▶ [DIRECTIONS]: Among the entries below, find the lines holding "signal" and copy them.

(Stored items)
★ ★ ★

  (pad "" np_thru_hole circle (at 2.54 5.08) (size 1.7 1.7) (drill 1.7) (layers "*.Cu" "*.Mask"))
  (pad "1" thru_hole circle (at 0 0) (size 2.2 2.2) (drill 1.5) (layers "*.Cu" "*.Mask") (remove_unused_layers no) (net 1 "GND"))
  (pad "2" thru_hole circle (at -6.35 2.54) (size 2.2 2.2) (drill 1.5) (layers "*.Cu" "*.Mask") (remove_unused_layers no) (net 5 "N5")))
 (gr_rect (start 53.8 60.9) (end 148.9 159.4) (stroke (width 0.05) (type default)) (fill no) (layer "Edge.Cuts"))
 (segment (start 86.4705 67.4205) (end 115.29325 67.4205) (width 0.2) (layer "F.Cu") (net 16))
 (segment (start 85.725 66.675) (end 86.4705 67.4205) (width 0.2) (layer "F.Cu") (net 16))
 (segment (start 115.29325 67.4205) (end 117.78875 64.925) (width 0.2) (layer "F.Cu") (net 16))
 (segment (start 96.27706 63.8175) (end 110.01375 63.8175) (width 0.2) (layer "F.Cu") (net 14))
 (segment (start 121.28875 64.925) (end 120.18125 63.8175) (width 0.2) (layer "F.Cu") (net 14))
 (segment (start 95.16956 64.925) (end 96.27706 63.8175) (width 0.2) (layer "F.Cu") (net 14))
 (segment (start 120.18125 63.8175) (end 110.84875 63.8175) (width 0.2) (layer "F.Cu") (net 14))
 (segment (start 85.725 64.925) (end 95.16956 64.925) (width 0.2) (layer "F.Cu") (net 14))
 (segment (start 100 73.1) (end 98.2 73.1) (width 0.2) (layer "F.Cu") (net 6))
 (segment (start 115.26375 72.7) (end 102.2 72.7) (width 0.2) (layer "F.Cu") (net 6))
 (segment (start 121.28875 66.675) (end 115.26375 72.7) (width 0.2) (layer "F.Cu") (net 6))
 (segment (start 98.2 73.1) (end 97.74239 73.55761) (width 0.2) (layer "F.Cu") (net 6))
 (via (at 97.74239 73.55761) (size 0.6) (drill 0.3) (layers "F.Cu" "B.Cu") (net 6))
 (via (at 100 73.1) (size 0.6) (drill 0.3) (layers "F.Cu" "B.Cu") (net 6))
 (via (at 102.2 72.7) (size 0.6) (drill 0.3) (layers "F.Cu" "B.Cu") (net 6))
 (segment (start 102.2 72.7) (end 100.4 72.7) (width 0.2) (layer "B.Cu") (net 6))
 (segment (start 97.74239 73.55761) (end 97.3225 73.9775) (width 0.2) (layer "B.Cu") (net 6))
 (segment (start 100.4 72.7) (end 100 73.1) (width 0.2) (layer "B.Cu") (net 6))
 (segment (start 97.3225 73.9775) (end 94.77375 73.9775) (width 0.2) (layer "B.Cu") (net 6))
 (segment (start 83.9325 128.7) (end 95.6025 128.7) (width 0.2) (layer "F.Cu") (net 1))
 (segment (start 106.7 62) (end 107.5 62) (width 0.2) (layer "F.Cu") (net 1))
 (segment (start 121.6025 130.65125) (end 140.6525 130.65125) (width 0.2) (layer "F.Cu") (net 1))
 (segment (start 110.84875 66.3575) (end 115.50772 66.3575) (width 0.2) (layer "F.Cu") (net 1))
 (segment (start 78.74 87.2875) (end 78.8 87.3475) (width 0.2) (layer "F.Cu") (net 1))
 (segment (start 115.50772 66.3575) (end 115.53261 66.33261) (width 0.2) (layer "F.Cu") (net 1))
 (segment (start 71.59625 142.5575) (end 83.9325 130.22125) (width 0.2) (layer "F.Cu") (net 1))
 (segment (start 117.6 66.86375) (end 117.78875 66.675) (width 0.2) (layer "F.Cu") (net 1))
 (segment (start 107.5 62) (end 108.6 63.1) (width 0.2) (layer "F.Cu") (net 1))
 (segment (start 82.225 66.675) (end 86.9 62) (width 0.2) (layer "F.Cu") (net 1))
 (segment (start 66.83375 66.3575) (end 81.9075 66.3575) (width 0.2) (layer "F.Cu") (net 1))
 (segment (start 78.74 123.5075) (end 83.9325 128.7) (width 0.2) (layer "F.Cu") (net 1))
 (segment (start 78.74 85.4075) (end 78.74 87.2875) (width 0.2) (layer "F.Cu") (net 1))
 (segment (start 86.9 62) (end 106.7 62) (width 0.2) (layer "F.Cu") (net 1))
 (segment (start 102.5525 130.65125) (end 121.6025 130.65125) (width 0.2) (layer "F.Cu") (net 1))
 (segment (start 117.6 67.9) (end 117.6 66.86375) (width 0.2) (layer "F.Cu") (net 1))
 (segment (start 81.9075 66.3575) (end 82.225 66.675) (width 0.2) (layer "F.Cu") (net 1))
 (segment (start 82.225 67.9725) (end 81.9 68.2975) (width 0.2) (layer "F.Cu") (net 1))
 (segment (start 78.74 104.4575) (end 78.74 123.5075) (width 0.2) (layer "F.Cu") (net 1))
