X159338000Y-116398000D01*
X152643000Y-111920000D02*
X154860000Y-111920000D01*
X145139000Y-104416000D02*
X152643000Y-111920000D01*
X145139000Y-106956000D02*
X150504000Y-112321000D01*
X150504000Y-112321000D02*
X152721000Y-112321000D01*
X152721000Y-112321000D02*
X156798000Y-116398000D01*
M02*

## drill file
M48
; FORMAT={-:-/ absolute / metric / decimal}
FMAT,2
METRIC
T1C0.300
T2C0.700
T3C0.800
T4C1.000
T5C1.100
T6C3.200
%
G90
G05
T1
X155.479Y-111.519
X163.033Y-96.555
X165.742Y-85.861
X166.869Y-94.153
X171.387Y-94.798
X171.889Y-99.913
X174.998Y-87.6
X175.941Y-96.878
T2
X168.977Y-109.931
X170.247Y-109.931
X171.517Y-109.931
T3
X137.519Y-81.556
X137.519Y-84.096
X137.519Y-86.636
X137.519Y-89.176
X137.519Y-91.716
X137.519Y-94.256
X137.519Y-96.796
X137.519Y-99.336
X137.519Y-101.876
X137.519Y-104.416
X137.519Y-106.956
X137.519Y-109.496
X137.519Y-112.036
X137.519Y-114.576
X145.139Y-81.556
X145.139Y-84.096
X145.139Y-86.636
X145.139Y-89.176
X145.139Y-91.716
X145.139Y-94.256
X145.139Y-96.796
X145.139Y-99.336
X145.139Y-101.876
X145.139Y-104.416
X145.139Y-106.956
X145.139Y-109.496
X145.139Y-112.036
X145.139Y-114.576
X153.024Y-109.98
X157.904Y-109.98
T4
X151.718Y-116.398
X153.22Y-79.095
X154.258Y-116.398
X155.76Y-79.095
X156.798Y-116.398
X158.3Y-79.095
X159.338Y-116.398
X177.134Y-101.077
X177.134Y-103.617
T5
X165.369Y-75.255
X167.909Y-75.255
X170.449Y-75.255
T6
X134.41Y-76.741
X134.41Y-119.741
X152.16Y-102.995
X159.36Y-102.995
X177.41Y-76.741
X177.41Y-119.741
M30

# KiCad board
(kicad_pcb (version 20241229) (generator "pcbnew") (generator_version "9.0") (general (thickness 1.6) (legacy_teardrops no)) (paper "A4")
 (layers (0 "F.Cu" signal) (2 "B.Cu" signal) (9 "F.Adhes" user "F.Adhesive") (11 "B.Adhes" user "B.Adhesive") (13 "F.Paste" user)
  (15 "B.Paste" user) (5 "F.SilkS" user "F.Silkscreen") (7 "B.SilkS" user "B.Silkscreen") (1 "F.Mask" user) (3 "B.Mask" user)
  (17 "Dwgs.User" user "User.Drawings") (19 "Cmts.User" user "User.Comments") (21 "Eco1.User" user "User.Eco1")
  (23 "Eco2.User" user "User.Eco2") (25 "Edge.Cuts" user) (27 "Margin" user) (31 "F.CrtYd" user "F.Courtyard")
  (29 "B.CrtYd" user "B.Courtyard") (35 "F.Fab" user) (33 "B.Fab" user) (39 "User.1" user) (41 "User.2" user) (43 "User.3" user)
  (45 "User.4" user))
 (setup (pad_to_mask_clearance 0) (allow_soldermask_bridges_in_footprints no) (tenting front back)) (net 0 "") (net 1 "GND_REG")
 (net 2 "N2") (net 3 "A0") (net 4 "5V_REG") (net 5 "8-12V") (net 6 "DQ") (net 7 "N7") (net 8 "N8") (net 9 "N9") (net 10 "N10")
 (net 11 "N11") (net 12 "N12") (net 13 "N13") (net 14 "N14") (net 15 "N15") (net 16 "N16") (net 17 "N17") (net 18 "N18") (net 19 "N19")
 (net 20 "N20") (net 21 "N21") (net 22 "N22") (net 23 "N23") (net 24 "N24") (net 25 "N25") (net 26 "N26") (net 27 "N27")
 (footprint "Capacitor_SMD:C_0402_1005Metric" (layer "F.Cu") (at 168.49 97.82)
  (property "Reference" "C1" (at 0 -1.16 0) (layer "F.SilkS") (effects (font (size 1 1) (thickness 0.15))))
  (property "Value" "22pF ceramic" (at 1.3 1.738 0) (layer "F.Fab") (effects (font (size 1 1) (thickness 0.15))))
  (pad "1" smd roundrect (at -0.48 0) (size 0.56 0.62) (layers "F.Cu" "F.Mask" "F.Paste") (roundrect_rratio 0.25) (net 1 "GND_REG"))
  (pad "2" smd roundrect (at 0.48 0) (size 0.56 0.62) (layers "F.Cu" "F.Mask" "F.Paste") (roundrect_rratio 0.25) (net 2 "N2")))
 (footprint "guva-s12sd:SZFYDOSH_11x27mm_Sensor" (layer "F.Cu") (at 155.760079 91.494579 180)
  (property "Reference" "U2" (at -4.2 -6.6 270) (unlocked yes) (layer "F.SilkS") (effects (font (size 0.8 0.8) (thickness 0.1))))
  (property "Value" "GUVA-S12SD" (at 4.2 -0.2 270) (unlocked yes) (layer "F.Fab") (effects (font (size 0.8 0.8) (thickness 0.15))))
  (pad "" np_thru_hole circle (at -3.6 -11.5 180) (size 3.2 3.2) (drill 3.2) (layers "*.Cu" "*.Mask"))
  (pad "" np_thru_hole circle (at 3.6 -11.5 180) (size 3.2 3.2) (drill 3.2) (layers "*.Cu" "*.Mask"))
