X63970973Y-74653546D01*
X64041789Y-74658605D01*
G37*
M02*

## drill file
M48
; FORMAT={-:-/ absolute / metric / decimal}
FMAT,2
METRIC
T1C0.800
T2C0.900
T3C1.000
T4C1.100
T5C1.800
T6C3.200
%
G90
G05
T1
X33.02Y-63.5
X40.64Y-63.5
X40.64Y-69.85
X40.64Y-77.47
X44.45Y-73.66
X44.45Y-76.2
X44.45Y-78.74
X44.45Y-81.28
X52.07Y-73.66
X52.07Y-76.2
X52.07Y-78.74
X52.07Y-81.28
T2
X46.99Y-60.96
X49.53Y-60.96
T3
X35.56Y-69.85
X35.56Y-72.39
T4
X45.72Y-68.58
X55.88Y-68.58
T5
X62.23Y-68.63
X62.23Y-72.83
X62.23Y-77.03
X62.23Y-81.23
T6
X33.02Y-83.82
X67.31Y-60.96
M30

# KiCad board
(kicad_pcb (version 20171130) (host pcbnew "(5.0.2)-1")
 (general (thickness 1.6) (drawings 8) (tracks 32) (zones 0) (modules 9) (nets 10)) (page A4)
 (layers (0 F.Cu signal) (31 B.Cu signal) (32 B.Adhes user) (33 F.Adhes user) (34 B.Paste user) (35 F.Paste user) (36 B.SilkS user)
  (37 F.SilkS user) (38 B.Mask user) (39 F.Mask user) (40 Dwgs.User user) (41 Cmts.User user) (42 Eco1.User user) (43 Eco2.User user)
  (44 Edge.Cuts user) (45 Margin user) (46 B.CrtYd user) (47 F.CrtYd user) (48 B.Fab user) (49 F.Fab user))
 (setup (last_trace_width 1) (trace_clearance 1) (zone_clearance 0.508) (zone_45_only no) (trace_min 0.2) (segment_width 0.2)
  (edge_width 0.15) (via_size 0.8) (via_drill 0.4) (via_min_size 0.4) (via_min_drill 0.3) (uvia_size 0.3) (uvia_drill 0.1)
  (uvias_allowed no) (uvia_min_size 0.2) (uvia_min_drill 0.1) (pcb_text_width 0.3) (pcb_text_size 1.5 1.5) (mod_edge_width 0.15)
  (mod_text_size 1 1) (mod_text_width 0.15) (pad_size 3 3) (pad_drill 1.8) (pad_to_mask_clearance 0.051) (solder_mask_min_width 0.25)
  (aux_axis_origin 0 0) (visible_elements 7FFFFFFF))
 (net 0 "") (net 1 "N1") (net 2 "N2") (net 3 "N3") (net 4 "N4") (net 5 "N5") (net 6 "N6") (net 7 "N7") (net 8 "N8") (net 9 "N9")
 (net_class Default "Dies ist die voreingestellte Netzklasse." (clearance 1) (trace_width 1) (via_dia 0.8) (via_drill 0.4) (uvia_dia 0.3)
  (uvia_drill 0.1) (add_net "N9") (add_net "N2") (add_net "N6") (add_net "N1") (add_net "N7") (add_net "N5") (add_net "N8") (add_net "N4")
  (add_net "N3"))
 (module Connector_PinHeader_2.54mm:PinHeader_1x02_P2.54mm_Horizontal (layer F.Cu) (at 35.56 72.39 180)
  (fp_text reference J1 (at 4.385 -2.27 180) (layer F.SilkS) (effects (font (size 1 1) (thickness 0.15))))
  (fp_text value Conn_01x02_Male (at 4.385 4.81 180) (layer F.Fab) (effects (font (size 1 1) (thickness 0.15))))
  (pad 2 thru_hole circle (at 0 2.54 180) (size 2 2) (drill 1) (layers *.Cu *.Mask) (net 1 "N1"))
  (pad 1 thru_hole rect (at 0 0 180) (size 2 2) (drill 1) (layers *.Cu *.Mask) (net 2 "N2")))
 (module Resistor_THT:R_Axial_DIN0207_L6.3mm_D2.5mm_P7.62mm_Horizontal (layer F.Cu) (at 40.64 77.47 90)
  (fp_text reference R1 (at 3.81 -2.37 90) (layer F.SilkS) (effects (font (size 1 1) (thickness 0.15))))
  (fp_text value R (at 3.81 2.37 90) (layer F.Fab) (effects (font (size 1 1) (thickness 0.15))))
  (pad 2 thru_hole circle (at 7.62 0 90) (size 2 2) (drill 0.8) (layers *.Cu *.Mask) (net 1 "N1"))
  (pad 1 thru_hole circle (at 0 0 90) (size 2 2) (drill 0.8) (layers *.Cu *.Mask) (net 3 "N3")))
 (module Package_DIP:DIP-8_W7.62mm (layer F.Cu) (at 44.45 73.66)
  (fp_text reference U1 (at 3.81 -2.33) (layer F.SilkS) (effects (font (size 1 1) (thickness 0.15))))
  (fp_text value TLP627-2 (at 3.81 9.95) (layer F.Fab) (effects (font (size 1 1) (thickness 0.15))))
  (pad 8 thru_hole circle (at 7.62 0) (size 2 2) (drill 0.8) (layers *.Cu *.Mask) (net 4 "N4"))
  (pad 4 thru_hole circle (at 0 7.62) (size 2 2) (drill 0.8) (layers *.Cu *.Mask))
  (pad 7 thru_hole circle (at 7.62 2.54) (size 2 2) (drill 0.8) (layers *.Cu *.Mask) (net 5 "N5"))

★ ★ ★

▶ [ANSWER TO THIS PROBLEM]:
 (layers (0 "F.Cu" signal) (2 "B.Cu" signal) (9 "F.Adhes" user "F.Adhesive") (11 "B.Adhes" user "B.Adhesive") (13 "F.Paste" user)
 (layers (0 F.Cu signal) (31 B.Cu signal) (32 B.Adhes user) (33 F.Adhes user) (34 B.Paste user) (35 F.Paste user) (36 B.SilkS user)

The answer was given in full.